Crevetten dank Sklavenarbeit, Medikamententests in Ägypten, Gold aus Kinderarbeit: Schweizer Konzerne handeln im Ausland nicht immer nach den hohen hiesigen Standards. Nun kommen Firmen wie Migros, Novartis, Roche oder der Goldhändler Valcambi aber unter Druck, bei Menschenrechten und Umweltrisiken genauer hinzuschauen.
Grund ist die Konzernverantwortungs-Initiative, welche ein Verein von 77 NGO im Herbst einreichen wird. Die Forderungen der Initiative finden in der Bevölkerung massiv Unterstützung. Laut einer aktuellen repräsentativen Demoscope-Meinungsumfrage im Auftrag der Initianten, unterstützen 89 Prozent der Befragten das Anliegen der Initiative. Sie begrüssen es, «wenn Schweizer Konzerne verpflichtet werden, die Menschenrechte und die Umwelt auch im Ausland zu respektieren».
Sogar 92 Prozent der Befragten befürworten, dass Schweizer Konzerne «verpflichtet werden zu überprüfen, ob ihre Tochterfirmen und ihre Zulieferer die Menschenrechte einhalten und Sorge zur Umwelt tragen».
Der ehemalige FDP-Ständerat Dick Marty sitzt im Initiativkomitee und ist der Meinung, multinationale Unternehmen sollten künftig eine wichtige Rolle zur Durchsetzung der Menschenrechte spielen. «In der Schweizer Bevölkerung ist ein grosses Bewusstsein vorhanden, dass in der Wirtschaft bezüglich der Menschenrechte ein Problem besteht.» Dies zeige das deutliche Umfrageresultat, so Marty.
Die Initiative sei wirtschaftsfreundlich, denn bei Menschenrechtsverletzungen drohten grosse Imageschäden. Zudem sei der Vorschlag unbürokratisch. Er verlangt eine Sorgfaltspflicht und das Recht der Opfer, auch in der Schweiz Schäden einzuklagen.
Die Schweiz hat eine besondere Verantwortung
«Es geht doch nicht an, dass Verwaltungsräte in der Schweiz viel verdienen, aber nicht für ihre Entscheide in ganz armen Ländern haften», sagt Marty. Die Schweiz habe zudem die höchste Konzentration von multinationalen Unternehmen und darum eine besondere Verantwortung.
Marty glaubt, die Initiative sei auch ein effektives Mittel zur Bekämpfung der Ursachen von Migration: «Wer in armen Ländern zunehmend gerecht behandelt wird, verlässt sein Land auch nicht Richtung Europa.»
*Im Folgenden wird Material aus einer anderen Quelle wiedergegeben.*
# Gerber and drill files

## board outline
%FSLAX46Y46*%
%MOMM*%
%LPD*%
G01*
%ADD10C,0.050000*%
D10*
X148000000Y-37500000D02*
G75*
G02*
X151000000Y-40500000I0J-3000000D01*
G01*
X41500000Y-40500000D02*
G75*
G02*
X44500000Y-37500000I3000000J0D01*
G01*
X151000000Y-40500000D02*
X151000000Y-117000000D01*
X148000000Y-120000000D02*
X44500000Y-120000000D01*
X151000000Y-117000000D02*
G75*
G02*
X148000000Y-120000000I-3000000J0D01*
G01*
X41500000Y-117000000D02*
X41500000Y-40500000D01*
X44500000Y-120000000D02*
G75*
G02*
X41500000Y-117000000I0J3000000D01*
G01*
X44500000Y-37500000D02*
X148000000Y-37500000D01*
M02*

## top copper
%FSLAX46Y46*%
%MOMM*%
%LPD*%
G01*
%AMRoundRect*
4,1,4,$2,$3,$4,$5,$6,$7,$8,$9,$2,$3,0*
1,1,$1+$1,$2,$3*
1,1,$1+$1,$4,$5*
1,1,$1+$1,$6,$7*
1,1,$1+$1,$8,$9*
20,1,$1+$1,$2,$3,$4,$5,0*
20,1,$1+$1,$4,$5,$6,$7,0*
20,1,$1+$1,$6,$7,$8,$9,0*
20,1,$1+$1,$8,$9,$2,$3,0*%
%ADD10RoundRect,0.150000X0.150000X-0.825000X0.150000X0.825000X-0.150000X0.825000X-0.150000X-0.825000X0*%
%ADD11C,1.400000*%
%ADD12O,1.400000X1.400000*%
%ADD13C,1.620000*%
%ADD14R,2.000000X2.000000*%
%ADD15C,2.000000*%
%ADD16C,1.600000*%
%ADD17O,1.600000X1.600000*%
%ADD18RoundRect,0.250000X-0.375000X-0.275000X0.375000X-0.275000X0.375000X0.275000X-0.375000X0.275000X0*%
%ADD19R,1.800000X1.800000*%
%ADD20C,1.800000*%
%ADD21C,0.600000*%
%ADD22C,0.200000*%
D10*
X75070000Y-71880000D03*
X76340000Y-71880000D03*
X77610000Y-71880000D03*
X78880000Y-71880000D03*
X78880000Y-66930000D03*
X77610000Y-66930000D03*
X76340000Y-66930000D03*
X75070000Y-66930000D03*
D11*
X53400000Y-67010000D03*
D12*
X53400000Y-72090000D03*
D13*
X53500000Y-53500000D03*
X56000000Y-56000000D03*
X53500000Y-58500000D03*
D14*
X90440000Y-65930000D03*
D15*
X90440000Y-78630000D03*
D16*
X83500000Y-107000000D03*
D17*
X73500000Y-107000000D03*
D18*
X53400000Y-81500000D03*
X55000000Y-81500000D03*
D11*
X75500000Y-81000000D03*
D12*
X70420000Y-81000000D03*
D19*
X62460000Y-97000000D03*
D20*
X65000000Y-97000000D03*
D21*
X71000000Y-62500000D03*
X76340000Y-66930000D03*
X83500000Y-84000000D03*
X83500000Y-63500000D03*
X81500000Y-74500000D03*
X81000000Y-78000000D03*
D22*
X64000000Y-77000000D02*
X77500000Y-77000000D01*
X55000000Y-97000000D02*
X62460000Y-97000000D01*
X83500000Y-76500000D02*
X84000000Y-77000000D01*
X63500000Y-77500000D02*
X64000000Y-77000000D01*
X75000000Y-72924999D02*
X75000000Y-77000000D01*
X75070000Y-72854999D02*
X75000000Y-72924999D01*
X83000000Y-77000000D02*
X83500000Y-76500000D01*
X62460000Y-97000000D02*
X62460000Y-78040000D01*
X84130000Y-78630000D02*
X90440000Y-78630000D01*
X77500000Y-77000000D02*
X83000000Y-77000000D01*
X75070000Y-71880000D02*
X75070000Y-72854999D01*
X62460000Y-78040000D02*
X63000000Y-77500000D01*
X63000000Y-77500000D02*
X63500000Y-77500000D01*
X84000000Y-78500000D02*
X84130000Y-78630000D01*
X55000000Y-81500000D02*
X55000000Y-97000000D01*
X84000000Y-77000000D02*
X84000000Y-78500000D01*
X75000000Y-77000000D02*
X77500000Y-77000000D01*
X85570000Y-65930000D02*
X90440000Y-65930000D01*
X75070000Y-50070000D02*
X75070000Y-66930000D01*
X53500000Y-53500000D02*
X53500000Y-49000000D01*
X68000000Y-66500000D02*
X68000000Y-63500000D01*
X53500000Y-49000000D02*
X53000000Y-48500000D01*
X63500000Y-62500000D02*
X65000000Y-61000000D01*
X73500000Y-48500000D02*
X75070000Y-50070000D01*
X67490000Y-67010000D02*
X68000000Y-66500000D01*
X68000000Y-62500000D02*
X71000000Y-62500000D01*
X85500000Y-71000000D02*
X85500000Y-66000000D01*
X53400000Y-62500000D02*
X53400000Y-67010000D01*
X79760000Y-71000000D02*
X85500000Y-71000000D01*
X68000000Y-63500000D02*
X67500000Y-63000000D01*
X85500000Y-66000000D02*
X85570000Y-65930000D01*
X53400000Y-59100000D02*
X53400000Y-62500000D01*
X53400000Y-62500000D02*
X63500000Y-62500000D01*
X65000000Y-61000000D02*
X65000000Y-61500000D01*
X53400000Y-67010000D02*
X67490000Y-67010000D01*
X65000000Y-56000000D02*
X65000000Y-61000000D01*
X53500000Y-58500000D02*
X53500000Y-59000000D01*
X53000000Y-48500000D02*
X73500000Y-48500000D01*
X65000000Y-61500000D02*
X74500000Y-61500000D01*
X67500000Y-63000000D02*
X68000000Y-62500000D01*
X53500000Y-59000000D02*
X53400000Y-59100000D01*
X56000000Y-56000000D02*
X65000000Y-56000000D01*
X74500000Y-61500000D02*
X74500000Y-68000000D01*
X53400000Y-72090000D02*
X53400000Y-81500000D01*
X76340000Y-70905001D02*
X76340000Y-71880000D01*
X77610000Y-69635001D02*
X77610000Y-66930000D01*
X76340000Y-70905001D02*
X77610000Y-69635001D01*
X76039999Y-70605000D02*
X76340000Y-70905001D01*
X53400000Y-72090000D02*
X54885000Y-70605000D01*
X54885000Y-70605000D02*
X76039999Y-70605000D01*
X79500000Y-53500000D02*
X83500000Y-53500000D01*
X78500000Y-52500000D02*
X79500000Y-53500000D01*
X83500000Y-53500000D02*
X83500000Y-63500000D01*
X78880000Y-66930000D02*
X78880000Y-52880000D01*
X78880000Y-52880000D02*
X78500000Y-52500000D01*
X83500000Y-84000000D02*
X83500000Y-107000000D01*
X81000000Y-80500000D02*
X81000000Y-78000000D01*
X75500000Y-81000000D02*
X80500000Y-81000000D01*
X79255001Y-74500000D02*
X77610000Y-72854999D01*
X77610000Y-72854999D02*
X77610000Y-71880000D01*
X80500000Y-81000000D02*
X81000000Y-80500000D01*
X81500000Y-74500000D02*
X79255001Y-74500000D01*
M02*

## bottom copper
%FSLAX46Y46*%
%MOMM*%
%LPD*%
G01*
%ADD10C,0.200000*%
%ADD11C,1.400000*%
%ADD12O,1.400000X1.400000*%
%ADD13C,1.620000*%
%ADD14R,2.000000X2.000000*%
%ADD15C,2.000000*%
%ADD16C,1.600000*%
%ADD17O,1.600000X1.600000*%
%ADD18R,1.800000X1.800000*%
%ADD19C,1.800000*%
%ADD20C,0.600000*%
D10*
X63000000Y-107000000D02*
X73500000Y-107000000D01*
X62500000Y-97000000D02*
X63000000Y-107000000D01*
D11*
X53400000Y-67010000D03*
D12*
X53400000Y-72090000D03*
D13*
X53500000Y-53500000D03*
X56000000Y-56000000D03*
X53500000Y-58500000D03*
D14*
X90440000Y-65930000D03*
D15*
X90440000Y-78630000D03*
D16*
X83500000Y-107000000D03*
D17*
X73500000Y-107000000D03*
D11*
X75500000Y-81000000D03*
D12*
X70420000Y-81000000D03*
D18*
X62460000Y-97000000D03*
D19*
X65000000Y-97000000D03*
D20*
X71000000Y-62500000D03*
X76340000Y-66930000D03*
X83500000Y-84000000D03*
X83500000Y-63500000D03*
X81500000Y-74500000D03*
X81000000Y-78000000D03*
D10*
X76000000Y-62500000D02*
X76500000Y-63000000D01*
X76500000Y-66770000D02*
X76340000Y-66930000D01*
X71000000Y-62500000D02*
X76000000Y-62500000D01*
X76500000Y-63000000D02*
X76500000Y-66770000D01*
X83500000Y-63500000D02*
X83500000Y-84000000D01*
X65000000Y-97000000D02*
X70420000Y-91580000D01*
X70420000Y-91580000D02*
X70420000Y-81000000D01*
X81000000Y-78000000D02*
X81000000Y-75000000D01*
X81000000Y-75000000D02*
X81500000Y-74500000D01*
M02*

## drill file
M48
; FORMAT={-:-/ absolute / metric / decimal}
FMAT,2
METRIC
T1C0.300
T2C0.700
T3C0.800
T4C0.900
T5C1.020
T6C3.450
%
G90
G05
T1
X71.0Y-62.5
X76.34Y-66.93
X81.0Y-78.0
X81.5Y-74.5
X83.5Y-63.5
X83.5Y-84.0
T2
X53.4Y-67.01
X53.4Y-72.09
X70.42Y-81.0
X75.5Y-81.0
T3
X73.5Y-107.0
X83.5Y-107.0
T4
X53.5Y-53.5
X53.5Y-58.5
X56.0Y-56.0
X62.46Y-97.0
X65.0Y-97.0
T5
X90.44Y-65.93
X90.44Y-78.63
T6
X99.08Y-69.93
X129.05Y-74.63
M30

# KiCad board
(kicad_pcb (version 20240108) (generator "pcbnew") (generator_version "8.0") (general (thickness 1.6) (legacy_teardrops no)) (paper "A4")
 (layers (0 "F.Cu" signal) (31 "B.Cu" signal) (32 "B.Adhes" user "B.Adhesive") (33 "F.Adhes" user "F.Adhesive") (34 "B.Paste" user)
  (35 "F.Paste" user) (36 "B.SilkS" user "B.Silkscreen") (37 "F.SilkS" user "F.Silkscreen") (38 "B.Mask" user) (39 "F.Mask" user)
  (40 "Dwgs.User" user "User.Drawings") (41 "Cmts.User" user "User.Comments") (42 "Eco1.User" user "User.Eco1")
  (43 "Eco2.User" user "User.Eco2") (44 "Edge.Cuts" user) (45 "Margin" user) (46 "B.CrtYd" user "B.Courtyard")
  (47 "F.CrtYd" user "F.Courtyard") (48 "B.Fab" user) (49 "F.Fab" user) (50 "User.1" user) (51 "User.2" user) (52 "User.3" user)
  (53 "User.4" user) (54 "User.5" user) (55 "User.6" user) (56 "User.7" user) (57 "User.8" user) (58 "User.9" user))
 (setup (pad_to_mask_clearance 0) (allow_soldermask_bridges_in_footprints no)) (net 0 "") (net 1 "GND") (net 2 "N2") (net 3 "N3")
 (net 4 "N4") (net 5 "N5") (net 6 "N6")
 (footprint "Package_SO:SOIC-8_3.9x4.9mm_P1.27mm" (layer "F.Cu") (at 76.975 69.405 90)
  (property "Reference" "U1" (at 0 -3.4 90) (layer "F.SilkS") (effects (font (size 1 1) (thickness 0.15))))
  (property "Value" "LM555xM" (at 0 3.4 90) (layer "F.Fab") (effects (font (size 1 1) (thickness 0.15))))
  (pad "1" smd roundrect (at -2.475 -1.905 90) (size 1.95 0.6) (layers "F.Cu" "F.Paste" "F.Mask") (roundrect_rratio 0.25) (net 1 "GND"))
  (pad "2" smd roundrect (at -2.475 -0.635 90) (size 1.95 0.6) (layers "F.Cu" "F.Paste" "F.Mask") (roundrect_rratio 0.25) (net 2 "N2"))
  (pad "3" smd roundrect (at -2.475 0.635 90) (size 1.95 0.6) (layers "F.Cu" "F.Paste" "F.Mask") (roundrect_rratio 0.25) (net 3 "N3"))
  (pad "4" smd roundrect (at -2.475 1.905 90) (size 1.95 0.6) (layers "F.Cu" "F.Paste" "F.Mask") (roundrect_rratio 0.25) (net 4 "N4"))
  (pad "5" smd roundrect (at 2.475 1.905 90) (size 1.95 0.6) (layers "F.Cu" "F.Paste" "F.Mask") (roundrect_rratio 0.25) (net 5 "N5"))
  (pad "6" smd roundrect (at 2.475 0.635 90) (size 1.95 0.6) (layers "F.Cu" "F.Paste" "F.Mask") (roundrect_rratio 0.25) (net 2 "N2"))
  (pad "7" smd roundrect (at 2.475 -0.635 90) (size 1.95 0.6) (layers "F.Cu" "F.Paste" "F.Mask") (roundrect_rratio 0.25) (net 4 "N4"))
  (pad "8" smd roundrect (at 2.475 -1.905 90) (size 1.95 0.6) (layers "F.Cu" "F.Paste" "F.Mask") (roundrect_rratio 0.25) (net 4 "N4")))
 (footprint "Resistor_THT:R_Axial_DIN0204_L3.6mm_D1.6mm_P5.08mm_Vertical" (layer "F.Cu") (at 53.4 67.01 -90)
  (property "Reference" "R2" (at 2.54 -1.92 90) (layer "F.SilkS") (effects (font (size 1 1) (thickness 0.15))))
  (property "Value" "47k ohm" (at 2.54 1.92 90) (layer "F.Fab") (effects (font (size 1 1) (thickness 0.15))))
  (pad "1" thru_hole circle (at 0 0 270) (size 1.4 1.4) (drill 0.7) (layers "*.Cu" "*.Mask") (remove_unused_layers no) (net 4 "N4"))
  (pad "2" thru_hole oval (at 5.08 0 270) (size 1.4 1.4) (drill 0.7) (layers "*.Cu" "*.Mask") (remove_unused_layers no) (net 2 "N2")))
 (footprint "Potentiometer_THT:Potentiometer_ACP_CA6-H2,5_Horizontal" (layer "F.Cu") (at 53.5 53.5)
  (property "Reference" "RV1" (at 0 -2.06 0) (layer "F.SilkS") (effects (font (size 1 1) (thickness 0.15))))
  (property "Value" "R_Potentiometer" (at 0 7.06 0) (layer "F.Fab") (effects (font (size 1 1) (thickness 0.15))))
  (pad "1" thru_hole circle (at 0 0) (size 1.62 1.62) (drill 0.9) (layers "*.Cu" "*.Mask") (remove_unused_layers no) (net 4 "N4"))
  (pad "2" thru_hole circle (at 2.5 2.5) (size 1.62 1.62) (drill 0.9) (layers "*.Cu" "*.Mask") (remove_unused_layers no) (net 4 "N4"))
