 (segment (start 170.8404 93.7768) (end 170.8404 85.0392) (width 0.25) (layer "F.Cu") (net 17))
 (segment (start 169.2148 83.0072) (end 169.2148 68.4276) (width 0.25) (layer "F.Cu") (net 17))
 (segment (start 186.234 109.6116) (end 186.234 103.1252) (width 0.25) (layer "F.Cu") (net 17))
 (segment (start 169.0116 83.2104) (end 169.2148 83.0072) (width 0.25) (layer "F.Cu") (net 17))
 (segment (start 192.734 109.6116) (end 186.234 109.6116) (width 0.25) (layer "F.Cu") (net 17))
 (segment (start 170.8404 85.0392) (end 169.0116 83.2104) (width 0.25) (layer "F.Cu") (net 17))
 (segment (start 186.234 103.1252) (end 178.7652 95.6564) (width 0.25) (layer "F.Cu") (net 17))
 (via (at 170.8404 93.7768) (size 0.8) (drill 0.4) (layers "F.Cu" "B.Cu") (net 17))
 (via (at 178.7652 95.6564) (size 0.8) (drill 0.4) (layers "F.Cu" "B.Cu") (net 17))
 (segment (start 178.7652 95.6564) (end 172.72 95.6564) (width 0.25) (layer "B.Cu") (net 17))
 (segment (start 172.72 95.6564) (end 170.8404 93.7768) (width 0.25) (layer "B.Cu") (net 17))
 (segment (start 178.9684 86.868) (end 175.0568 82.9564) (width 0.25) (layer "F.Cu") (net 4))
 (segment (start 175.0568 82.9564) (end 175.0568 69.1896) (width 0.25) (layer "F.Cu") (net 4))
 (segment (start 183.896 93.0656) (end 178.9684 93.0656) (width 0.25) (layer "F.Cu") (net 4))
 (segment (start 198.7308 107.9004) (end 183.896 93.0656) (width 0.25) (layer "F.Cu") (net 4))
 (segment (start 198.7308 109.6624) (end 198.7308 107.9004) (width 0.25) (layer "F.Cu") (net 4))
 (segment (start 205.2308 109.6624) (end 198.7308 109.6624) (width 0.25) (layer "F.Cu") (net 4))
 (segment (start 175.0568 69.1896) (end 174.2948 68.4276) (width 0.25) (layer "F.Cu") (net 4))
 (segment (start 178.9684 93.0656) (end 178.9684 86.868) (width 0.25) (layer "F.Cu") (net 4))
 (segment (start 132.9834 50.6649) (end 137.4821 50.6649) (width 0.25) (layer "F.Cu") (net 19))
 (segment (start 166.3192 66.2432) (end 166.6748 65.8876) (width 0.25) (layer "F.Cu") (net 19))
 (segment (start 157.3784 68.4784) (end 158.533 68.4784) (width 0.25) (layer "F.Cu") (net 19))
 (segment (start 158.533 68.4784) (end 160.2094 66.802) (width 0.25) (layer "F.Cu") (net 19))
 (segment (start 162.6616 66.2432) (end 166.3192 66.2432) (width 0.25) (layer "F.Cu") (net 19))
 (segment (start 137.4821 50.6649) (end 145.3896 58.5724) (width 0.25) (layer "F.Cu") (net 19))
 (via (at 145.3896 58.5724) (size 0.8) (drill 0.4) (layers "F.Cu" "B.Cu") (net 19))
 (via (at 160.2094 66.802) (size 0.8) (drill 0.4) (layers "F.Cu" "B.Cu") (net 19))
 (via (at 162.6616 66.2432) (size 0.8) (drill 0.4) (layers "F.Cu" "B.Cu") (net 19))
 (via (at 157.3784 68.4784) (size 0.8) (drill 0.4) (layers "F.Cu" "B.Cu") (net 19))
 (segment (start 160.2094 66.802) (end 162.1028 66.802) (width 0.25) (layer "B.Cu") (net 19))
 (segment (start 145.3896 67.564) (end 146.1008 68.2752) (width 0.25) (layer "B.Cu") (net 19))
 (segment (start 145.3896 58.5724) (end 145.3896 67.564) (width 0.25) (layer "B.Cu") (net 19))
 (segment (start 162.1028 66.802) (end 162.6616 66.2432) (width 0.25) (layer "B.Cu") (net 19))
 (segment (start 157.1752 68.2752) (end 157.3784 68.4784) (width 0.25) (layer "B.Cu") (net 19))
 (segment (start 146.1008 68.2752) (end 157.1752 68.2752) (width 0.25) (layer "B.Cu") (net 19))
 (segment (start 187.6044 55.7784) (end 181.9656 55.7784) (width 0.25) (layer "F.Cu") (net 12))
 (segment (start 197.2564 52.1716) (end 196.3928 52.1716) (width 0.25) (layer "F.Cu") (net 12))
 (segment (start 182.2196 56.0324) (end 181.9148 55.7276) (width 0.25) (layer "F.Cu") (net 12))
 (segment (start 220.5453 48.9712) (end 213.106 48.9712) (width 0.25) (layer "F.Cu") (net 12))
«Eine ganz gefährliche Initiative»
Der Wirtschaftsverband Economiesuisse hingegen bekämpft die Initiative vehement. «Eine ganz gefährliche Initiative», sagt Präsident Heinz Karrer. Die in der Schweiz domizilierten internationalen Unternehmen hielten die Menschenrechte sehr wohl ein. Das zeigten die zahlreichen Programme, die diese Konzerne selbst implementiert hätten.
Doch die Konzernverantwortungs-Initiative gehe noch viel weiter. Unternehmen sogar für das Verhalten von Zulieferern aus anderen Staaten in die Pflicht zu nehmen, ist laut Karrer eine weltweit einzigartige Regulierung. «Und es ist schlicht nicht durchsetzbar.»
Noch sind die Meinungen aber nicht bei allen Unternehmen gemacht. Die Migros, welche bei der Crevetten-Produktion besser hinschauen will, hat laut einem Sprecher zur Konzernverantwortungs-Initiative noch keine Position.